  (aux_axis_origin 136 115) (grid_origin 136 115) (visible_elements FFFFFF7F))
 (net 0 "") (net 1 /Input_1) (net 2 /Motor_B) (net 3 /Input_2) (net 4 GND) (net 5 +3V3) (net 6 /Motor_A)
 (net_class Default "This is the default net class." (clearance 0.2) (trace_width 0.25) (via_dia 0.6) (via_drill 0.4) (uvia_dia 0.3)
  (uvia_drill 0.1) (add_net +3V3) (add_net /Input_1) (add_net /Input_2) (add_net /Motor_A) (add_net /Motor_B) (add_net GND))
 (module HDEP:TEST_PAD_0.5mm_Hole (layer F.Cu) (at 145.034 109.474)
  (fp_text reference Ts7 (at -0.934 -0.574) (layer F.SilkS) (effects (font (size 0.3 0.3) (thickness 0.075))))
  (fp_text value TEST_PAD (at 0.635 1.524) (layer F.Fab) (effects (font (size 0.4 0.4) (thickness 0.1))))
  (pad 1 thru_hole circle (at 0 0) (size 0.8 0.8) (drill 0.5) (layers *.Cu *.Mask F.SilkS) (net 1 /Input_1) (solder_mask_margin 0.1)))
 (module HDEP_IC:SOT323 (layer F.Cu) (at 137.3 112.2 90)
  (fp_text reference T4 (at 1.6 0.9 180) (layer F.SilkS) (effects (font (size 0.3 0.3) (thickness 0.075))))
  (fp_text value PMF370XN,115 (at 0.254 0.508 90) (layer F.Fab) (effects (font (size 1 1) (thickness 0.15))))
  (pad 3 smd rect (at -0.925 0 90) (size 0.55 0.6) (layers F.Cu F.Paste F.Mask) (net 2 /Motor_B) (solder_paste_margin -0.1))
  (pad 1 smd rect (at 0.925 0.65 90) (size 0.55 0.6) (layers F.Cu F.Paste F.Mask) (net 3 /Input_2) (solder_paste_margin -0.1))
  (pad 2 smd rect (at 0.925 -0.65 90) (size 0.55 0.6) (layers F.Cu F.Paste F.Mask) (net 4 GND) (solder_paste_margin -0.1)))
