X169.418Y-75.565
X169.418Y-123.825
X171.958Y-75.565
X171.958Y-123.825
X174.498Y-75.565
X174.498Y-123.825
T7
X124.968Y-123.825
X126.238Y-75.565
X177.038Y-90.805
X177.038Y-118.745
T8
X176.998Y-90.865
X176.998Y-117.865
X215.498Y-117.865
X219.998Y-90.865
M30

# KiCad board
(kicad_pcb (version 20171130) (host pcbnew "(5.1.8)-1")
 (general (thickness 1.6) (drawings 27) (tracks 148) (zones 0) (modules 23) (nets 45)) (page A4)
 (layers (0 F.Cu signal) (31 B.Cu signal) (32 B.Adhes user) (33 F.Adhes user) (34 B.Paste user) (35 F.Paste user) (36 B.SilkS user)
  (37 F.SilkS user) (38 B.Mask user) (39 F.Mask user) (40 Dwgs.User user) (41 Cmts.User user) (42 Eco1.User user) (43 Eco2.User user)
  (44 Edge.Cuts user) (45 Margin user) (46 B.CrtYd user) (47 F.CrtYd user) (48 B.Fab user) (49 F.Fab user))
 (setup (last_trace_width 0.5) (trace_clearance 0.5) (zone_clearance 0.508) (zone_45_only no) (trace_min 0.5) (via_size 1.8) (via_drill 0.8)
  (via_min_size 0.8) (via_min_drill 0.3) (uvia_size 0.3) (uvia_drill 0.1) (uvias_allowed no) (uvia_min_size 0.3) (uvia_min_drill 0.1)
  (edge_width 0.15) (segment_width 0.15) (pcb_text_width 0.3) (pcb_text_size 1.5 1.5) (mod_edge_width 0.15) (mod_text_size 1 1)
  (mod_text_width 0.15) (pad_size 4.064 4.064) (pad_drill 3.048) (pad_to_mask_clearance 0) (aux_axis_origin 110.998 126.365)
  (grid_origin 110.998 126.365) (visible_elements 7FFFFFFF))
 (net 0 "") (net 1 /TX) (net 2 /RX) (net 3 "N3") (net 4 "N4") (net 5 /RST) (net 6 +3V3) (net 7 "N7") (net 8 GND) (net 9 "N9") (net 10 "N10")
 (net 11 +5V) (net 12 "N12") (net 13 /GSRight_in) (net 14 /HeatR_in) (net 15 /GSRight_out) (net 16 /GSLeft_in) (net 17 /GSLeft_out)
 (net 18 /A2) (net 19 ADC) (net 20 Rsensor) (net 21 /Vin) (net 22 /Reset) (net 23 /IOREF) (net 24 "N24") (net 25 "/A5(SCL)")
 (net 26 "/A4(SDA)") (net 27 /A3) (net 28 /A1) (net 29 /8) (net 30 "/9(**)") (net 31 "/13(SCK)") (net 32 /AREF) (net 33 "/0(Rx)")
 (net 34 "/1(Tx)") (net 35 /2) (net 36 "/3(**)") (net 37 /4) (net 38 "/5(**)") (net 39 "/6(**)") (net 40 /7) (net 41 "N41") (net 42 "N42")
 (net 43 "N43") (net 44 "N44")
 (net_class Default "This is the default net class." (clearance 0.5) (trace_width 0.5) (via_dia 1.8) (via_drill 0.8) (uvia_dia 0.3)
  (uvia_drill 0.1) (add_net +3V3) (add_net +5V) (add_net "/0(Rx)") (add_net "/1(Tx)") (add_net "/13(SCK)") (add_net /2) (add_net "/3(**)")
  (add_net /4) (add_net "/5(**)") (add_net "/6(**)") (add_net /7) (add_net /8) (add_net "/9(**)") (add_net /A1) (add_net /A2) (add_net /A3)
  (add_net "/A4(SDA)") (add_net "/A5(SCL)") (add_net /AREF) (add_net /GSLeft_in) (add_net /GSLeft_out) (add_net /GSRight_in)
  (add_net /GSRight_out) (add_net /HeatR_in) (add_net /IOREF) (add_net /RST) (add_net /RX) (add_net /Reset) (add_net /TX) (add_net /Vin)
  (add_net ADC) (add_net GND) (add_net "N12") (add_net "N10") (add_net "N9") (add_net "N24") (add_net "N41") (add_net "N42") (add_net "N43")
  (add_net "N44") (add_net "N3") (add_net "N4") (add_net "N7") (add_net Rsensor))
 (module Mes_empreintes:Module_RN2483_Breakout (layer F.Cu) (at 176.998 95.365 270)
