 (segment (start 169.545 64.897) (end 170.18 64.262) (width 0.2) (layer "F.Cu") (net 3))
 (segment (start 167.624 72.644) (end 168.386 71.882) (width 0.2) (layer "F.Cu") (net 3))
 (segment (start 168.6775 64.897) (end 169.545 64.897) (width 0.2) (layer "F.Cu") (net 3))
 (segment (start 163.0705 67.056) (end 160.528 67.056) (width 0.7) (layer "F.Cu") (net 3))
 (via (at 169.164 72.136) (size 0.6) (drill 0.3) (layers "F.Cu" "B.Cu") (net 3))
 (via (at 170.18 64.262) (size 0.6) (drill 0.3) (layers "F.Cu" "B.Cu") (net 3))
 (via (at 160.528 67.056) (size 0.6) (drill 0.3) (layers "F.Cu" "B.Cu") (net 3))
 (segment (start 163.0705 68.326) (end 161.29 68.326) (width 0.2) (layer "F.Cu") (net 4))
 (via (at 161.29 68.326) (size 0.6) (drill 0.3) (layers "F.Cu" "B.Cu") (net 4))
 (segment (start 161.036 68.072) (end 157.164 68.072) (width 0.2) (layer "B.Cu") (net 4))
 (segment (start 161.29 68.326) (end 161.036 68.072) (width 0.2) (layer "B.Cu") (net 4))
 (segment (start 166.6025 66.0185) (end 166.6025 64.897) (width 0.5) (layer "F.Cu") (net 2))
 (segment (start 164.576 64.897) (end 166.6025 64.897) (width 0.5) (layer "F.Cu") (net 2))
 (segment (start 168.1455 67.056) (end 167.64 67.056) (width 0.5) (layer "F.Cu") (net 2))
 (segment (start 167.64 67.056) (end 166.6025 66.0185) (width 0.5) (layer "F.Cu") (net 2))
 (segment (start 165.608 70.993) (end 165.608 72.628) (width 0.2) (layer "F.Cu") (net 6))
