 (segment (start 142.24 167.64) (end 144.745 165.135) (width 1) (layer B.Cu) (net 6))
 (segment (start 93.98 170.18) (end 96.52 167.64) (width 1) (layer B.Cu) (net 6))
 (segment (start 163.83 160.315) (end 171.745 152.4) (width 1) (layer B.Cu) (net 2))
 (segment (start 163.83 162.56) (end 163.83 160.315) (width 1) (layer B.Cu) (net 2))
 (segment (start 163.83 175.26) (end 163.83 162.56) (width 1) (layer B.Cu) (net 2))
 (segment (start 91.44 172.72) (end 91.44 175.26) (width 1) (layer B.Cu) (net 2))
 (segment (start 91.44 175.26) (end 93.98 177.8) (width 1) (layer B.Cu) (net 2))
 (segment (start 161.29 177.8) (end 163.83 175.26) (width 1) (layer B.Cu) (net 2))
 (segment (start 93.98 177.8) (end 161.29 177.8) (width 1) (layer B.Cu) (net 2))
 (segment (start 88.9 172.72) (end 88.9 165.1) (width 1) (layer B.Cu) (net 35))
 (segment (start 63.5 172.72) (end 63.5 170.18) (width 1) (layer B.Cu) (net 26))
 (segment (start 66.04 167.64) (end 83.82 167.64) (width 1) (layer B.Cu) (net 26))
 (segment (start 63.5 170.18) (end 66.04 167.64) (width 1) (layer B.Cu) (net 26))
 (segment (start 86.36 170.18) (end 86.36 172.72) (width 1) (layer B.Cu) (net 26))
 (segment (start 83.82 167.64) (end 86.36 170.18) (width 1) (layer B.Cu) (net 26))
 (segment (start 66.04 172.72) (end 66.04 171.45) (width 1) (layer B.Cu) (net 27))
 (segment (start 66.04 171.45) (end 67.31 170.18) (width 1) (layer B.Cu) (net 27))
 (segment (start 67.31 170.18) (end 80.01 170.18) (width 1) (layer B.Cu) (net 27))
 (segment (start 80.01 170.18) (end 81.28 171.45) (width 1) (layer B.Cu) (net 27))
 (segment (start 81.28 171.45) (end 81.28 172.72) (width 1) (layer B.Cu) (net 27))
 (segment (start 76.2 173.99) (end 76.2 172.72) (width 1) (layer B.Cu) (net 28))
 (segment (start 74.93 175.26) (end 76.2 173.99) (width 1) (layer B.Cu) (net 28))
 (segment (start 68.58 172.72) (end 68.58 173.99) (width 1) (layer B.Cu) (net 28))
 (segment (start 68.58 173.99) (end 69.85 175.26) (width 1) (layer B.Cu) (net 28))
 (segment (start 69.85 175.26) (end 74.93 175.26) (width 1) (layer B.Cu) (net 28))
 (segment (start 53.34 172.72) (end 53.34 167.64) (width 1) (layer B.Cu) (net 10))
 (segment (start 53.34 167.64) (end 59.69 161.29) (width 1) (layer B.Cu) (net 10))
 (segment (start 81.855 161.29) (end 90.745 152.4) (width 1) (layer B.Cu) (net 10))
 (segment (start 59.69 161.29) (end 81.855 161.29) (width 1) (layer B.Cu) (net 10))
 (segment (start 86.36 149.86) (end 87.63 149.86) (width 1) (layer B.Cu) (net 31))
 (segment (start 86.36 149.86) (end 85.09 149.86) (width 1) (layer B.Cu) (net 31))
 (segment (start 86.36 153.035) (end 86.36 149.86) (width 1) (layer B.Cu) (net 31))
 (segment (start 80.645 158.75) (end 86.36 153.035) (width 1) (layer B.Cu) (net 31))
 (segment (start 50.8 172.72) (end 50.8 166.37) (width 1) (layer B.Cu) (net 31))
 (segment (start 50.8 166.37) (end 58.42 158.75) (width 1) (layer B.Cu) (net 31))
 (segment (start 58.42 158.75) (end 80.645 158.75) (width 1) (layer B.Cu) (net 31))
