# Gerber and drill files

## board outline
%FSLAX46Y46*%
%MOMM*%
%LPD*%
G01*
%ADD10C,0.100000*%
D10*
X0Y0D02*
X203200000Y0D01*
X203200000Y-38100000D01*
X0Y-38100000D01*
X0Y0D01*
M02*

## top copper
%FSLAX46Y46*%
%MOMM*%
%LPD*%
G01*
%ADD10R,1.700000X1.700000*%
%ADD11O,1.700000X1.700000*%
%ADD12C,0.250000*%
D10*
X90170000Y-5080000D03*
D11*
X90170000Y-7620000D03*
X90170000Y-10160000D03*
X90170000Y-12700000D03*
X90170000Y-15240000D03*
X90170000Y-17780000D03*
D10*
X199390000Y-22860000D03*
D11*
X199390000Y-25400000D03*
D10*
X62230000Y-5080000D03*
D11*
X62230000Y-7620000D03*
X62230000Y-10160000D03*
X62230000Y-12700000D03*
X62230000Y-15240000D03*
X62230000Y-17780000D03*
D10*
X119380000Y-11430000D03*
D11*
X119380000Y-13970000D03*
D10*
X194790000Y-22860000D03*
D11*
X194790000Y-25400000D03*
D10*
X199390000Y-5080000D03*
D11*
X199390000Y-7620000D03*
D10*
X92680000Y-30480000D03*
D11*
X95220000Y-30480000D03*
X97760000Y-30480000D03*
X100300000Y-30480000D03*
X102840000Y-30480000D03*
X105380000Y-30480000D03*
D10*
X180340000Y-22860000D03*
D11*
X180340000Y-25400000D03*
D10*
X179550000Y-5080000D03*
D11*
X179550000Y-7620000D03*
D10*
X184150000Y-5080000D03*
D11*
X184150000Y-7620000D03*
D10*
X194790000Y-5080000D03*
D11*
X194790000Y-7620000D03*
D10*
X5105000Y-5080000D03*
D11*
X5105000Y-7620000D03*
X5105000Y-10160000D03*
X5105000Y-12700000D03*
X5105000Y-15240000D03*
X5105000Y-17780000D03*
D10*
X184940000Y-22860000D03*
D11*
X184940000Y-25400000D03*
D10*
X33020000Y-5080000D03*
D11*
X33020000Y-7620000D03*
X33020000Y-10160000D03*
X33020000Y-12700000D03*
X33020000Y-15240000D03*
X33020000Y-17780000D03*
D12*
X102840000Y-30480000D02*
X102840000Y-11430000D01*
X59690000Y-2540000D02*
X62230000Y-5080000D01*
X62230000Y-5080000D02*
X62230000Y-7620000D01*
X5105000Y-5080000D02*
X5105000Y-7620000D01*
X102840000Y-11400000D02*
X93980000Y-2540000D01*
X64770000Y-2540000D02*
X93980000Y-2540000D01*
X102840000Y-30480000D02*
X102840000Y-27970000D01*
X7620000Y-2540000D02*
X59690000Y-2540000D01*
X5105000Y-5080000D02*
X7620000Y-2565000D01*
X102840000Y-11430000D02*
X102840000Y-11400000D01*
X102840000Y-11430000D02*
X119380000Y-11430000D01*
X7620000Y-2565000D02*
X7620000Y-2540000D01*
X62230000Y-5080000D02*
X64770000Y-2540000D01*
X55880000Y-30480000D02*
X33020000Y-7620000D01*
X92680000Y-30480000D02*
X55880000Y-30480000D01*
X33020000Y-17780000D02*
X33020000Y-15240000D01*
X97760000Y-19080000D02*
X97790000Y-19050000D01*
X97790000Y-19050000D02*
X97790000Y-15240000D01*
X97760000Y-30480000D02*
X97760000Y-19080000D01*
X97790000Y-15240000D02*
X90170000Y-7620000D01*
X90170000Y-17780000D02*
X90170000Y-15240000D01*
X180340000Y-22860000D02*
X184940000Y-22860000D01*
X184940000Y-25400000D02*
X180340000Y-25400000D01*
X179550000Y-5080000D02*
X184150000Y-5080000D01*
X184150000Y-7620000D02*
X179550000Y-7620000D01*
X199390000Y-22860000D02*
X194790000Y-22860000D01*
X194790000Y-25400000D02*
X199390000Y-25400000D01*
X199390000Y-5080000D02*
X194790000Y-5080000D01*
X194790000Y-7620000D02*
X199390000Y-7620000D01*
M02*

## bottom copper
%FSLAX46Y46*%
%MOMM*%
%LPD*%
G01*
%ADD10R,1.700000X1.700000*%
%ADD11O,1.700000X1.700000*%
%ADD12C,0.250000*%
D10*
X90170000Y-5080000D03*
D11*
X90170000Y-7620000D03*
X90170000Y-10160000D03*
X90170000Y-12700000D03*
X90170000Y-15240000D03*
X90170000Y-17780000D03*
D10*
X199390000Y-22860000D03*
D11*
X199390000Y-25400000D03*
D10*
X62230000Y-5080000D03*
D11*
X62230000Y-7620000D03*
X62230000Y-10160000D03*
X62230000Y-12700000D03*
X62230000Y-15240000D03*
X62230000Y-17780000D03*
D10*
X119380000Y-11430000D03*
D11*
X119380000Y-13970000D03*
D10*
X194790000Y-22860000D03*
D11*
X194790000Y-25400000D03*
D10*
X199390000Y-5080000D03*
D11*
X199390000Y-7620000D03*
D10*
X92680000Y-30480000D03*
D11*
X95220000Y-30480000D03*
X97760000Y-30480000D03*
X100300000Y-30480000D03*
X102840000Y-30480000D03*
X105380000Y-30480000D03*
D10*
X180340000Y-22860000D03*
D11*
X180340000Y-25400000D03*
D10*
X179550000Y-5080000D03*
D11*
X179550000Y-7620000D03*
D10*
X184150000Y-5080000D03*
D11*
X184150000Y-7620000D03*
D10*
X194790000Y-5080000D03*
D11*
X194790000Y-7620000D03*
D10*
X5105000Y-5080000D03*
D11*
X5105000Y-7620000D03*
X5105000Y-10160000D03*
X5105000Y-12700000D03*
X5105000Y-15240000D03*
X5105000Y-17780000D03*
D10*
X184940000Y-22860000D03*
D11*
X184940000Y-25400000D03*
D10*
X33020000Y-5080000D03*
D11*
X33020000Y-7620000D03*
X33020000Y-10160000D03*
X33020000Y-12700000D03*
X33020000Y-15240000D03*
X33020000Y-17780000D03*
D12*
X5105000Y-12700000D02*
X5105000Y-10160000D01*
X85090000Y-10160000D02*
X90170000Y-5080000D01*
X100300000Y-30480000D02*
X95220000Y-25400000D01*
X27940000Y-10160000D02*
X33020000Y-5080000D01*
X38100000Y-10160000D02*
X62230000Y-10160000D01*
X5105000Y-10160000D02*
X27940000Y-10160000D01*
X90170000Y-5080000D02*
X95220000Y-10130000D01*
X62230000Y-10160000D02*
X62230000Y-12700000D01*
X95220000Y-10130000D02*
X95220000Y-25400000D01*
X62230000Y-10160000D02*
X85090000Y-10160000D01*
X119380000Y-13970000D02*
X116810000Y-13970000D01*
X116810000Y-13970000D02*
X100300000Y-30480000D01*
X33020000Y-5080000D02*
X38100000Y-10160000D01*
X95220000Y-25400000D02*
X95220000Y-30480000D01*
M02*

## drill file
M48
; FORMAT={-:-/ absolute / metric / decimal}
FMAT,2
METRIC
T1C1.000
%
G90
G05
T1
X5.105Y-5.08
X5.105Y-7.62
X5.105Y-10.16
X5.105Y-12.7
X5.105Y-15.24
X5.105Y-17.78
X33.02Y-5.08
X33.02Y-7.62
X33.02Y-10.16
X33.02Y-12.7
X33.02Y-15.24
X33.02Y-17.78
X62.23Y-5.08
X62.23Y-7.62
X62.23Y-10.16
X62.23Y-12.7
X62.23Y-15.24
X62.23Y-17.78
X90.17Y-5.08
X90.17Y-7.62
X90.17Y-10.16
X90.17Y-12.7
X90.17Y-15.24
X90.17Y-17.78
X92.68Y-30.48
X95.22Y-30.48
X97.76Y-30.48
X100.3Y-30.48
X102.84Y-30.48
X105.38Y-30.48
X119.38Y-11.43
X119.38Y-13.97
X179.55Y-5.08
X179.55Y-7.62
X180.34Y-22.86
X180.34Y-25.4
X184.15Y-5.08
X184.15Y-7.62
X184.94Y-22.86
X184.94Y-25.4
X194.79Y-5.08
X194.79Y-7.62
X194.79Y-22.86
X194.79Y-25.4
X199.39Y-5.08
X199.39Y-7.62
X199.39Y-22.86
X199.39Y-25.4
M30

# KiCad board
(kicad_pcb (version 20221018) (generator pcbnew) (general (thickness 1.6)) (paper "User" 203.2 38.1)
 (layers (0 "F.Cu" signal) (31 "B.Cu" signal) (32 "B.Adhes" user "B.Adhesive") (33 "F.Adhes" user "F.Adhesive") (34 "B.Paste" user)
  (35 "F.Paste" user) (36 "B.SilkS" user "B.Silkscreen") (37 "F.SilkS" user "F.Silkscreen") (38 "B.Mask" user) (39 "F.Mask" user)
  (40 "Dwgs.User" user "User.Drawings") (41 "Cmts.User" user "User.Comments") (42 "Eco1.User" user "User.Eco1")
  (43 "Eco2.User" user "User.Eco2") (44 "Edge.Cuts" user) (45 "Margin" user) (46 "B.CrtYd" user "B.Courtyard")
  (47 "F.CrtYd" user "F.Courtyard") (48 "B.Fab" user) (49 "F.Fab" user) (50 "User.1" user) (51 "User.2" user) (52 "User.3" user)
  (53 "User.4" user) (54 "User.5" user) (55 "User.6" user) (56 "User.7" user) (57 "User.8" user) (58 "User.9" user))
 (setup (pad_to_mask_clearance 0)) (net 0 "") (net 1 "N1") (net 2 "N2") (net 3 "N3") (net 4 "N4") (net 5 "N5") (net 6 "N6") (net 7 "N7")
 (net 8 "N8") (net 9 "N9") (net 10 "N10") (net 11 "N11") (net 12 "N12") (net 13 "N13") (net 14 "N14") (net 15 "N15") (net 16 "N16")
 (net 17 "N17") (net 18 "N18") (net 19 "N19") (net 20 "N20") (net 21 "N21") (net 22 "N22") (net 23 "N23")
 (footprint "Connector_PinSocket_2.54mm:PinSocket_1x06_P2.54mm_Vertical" (layer "F.Cu") (at 90.17 5.08)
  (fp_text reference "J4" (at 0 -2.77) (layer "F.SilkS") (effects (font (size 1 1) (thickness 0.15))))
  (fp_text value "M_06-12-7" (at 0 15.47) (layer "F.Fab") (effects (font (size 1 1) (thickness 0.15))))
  (pad "1" thru_hole rect (at 0 0) (size 1.7 1.7) (drill 1) (layers "*.Cu" "*.Mask") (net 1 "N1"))
  (pad "2" thru_hole oval (at 0 2.54) (size 1.7 1.7) (drill 1) (layers "*.Cu" "*.Mask") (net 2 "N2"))
  (pad "3" thru_hole oval (at 0 5.08) (size 1.7 1.7) (drill 1) (layers "*.Cu" "*.Mask") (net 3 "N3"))
  (pad "4" thru_hole oval (at 0 7.62) (size 1.7 1.7) (drill 1) (layers "*.Cu" "*.Mask") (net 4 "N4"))
  (pad "5" thru_hole oval (at 0 10.16) (size 1.7 1.7) (drill 1) (layers "*.Cu" "*.Mask") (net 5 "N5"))
  (pad "6" thru_hole oval (at 0 12.7) (size 1.7 1.7) (drill 1) (layers "*.Cu" "*.Mask") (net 5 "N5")))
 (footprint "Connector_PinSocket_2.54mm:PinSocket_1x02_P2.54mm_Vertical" (layer "F.Cu") (at 199.39 22.86)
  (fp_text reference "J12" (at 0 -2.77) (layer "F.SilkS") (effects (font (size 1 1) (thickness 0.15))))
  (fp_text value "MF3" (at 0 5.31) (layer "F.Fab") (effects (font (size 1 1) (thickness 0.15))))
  (pad "1" thru_hole rect (at 0 0) (size 1.7 1.7) (drill 1) (layers "*.Cu" "*.Mask") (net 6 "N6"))
  (pad "2" thru_hole oval (at 0 2.54) (size 1.7 1.7) (drill 1) (layers "*.Cu" "*.Mask") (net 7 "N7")))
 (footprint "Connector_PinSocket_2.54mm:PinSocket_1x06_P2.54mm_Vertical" (layer "F.Cu") (at 62.23 5.08)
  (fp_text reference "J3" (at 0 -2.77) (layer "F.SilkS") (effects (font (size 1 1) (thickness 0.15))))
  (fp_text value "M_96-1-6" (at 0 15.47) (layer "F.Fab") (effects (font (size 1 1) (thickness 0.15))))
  (pad "1" thru_hole rect (at 0 0) (size 1.7 1.7) (drill 1) (layers "*.Cu" "*.Mask") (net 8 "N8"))
  (pad "2" thru_hole oval (at 0 2.54) (size 1.7 1.7) (drill 1) (layers "*.Cu" "*.Mask") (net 8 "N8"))
  (pad "3" thru_hole oval (at 0 5.08) (size 1.7 1.7) (drill 1) (layers "*.Cu" "*.Mask") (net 1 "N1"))
  (pad "4" thru_hole oval (at 0 7.62) (size 1.7 1.7) (drill 1) (layers "*.Cu" "*.Mask") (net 1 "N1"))
  (pad "5" thru_hole oval (at 0 10.16) (size 1.7 1.7) (drill 1) (layers "*.Cu" "*.Mask") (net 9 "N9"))
  (pad "6" thru_hole oval (at 0 12.7) (size 1.7 1.7) (drill 1) (layers "*.Cu" "*.Mask") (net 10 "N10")))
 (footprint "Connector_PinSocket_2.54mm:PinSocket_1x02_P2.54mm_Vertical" (layer "F.Cu") (at 119.38 11.43)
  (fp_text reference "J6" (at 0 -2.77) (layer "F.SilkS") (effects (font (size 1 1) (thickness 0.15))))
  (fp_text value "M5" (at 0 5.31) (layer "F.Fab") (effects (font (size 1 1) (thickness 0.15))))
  (pad "1" thru_hole rect (at 0 0) (size 1.7 1.7) (drill 1) (layers "*.Cu" "*.Mask") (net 8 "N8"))
  (pad "2" thru_hole oval (at 0 2.54) (size 1.7 1.7) (drill 1) (layers "*.Cu" "*.Mask") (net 1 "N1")))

******************************

▸ **WORK REQUIRED**: Go through the records from the first line and copy each one exactly, ending after the line that contains "(pad 3 smd rect". Give nothing else.

▸ **ANSWER BELOW**:
  (aux_axis_origin 136 115) (grid_origin 136 115) (visible_elements FFFFFF7F))
 (net 0 "") (net 1 /Input_1) (net 2 /Motor_B) (net 3 /Input_2) (net 4 GND) (net 5 +3V3) (net 6 /Motor_A)
 (net_class Default "This is the default net class." (clearance 0.2) (trace_width 0.25) (via_dia 0.6) (via_drill 0.4) (uvia_dia 0.3)
  (uvia_drill 0.1) (add_net +3V3) (add_net /Input_1) (add_net /Input_2) (add_net /Motor_A) (add_net /Motor_B) (add_net GND))
 (module HDEP:TEST_PAD_0.5mm_Hole (layer F.Cu) (at 145.034 109.474)
  (fp_text reference Ts7 (at -0.934 -0.574) (layer F.SilkS) (effects (font (size 0.3 0.3) (thickness 0.075))))
  (fp_text value TEST_PAD (at 0.635 1.524) (layer F.Fab) (effects (font (size 0.4 0.4) (thickness 0.1))))
  (pad 1 thru_hole circle (at 0 0) (size 0.8 0.8) (drill 0.5) (layers *.Cu *.Mask F.SilkS) (net 1 /Input_1) (solder_mask_margin 0.1)))
 (module HDEP_IC:SOT323 (layer F.Cu) (at 137.3 112.2 90)
  (fp_text reference T4 (at 1.6 0.9 180) (layer F.SilkS) (effects (font (size 0.3 0.3) (thickness 0.075))))
  (fp_text value PMF370XN,115 (at 0.254 0.508 90) (layer F.Fab) (effects (font (size 1 1) (thickness 0.15))))
  (pad 3 smd rect (at -0.925 0 90) (size 0.55 0.6) (layers F.Cu F.Paste F.Mask) (net 2 /Motor_B) (solder_paste_margin -0.1))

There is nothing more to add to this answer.